In an age of increasing industrialisation in wine — of global varieties, engineered yeasts, and corporate consolidation — Agrícola Macatho stands as a compelling alternative, not because it rejects modernity but because it has embraced a deeper modernity: one that values organic farming over chemical convenience, regenerative practice over synthetic inputs, dry-farming over irrigation, hand harvest over mechanical efficiency, indigenous yeasts over inoculation, stainless steel neutrality over new oak intrusion, carbonic maceration over heavy extraction, minimal sulfur over heavy dosing, farmer collaboration over land ownership, fair prices over exploitative markets, and the specific voice of Itata and Maule's mosaic of soils over the standardised replication of a global style. Macarena del Río and Thomas Parayre are not merely making wine; they are proving that a couple with no land can become the voice of ancient vines, that a rented cellar can produce wines of international recognition, that a bicycle ride to Cheval Blanc can lead to a lifetime of honest farming, and that the simplest philosophy — farm in the way of your grandfather — is often the most profound. From the first vintage in 2016 to the wines of today: all united in one collaboration, one synthesis, one unanswerable argument for the possibility of authentic, organic, hand-made, passionately honest wine from the granite and basalt heart of Chile.

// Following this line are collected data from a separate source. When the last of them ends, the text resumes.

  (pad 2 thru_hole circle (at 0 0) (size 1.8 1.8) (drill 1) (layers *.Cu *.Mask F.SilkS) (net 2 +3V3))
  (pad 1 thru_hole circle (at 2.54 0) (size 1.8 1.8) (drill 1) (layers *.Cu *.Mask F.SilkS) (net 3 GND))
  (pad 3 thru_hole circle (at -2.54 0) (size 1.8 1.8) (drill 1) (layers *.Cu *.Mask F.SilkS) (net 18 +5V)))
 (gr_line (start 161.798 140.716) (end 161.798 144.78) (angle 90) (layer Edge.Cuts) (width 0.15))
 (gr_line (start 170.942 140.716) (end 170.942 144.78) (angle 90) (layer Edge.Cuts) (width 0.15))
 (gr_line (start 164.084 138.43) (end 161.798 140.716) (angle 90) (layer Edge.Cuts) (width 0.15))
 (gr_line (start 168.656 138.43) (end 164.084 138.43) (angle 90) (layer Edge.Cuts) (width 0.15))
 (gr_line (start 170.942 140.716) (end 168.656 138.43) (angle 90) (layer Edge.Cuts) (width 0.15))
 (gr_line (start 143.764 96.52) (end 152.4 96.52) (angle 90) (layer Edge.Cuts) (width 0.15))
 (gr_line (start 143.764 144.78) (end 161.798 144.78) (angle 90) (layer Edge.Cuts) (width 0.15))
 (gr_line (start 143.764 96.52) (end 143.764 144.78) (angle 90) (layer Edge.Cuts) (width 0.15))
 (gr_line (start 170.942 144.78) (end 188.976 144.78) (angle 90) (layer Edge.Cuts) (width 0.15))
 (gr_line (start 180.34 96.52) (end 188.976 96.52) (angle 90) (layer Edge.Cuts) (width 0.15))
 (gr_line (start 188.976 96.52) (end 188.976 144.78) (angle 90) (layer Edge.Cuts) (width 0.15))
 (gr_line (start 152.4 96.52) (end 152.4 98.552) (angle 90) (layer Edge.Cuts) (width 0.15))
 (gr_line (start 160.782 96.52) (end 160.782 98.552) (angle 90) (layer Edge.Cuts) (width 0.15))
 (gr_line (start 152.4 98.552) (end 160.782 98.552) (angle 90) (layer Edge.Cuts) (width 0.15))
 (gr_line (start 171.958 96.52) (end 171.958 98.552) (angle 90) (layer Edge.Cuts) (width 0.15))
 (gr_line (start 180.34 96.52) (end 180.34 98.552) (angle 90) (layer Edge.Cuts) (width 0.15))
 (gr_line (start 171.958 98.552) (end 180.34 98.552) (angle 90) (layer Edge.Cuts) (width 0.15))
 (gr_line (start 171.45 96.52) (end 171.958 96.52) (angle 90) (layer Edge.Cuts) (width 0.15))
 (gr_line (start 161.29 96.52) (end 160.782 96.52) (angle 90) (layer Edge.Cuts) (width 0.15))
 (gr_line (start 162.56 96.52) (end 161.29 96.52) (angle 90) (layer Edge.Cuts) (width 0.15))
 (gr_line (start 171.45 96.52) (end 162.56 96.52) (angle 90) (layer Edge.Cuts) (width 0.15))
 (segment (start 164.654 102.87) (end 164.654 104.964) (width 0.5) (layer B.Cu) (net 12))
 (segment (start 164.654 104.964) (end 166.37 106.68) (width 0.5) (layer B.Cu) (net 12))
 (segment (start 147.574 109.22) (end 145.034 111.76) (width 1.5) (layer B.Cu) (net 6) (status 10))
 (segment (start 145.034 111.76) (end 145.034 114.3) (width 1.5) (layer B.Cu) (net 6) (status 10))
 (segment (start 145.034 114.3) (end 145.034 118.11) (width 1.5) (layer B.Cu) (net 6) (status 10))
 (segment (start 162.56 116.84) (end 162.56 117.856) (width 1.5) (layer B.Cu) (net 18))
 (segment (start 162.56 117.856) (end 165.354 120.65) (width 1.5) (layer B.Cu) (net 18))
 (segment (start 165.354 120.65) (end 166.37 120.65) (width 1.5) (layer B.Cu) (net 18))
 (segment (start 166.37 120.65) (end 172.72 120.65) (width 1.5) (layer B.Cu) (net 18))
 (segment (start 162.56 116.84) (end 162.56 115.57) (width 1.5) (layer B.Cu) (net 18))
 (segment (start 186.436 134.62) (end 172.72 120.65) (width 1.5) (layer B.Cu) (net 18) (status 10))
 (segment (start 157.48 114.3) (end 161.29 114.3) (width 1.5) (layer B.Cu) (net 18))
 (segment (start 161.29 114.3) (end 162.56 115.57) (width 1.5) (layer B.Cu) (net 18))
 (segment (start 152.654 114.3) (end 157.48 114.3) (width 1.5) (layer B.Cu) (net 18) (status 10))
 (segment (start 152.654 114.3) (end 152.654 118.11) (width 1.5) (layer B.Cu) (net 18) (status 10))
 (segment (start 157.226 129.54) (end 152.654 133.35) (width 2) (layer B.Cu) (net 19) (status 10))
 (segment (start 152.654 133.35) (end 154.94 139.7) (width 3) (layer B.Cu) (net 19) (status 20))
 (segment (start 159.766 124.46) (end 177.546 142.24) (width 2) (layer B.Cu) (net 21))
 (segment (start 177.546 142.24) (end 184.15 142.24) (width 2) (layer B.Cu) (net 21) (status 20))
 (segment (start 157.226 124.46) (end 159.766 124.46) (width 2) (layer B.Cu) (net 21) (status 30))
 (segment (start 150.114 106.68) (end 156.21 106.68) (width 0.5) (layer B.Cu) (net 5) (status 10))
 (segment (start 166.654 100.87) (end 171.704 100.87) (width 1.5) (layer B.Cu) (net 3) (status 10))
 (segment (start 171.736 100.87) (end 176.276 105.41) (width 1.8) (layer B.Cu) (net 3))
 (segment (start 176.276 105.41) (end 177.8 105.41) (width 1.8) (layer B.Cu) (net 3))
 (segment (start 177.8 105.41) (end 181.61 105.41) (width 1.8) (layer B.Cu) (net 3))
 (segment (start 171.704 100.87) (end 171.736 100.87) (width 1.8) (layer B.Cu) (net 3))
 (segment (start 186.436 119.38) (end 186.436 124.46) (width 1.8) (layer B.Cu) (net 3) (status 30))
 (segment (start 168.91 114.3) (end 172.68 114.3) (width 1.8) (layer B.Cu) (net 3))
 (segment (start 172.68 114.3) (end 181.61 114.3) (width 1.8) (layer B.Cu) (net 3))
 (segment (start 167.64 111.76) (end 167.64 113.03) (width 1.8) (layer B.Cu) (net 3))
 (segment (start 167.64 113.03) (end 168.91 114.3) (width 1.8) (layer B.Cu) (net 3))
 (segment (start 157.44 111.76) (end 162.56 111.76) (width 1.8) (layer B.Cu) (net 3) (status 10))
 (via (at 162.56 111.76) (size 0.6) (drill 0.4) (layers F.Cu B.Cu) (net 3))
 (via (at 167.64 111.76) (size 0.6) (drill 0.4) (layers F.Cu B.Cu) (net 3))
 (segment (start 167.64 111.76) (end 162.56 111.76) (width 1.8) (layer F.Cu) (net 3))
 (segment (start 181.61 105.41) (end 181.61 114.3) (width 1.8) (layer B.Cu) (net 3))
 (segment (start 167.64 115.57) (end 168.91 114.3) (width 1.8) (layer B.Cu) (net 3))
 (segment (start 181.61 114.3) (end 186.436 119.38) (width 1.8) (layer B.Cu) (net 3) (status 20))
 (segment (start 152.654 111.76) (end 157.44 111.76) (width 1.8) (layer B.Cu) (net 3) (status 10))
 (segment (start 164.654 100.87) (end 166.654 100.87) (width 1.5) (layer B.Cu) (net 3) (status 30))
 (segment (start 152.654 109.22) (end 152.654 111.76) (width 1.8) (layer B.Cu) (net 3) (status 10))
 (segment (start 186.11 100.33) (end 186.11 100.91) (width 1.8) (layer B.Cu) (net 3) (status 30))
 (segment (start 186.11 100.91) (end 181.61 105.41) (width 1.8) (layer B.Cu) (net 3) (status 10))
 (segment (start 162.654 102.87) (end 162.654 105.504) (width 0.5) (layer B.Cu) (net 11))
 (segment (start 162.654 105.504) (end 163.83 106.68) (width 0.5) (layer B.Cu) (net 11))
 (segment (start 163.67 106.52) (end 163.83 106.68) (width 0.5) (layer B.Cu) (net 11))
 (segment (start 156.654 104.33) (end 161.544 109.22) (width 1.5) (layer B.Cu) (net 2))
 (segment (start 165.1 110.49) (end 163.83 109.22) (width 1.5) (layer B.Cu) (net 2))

Macarena del Río (born Chile, French mother, studied Agronomy in Valparaíso/Maule, Oenology at University of Bordeaux, internship at Château Cheval Blanc 2011, worked with Yvon Métras, Patrick Bouju, Jean-Christophe Comor) and Thomas Parayre (born France, graphic designer, roomed with Louis-Antoine Luyt, worked at Domaine Les Terres Promises). Founded Agrícola Macatho in 2016 near Chillán, Itata. Working with 150 to 200-year-old dry-farmed, own-rooted vines across Itata and Maule through collaborative partnerships with local farming families. Indigenous yeasts, carbonic maceration, stainless steel, minimal sulfur. This is a winery where a bicycle ride changed a life, and where collaboration is the only way forward.
Four absolute commitments: organic and regenerative farming on granite, basalt, clay, and sedimentary soils in Itata and Maule, hand harvest from 150 to 200-year-old dry-farmed, own-rooted vines through collaborative partnerships, whole-cluster or gentle destemming with carbonic maceration inspired by Métras and spontaneous fermentation with indigenous yeasts in stainless steel, and minimal sulfur (usually below 15 mg/L, only at bottling). No irrigation, no certifications, no land ownership, no standardisation. The wines are as precise and terroir-driven as Chilean wine comes — farmed by hand, spontaneously fermented, and bottled with nothing but the unvarnished truth of each distinct farmer's parcel. The cellar is not a factory; it is a rented, modest extension where Maca and Thomas provide the patience, the precision, and the absolute refusal to blend what the soil has made distinct.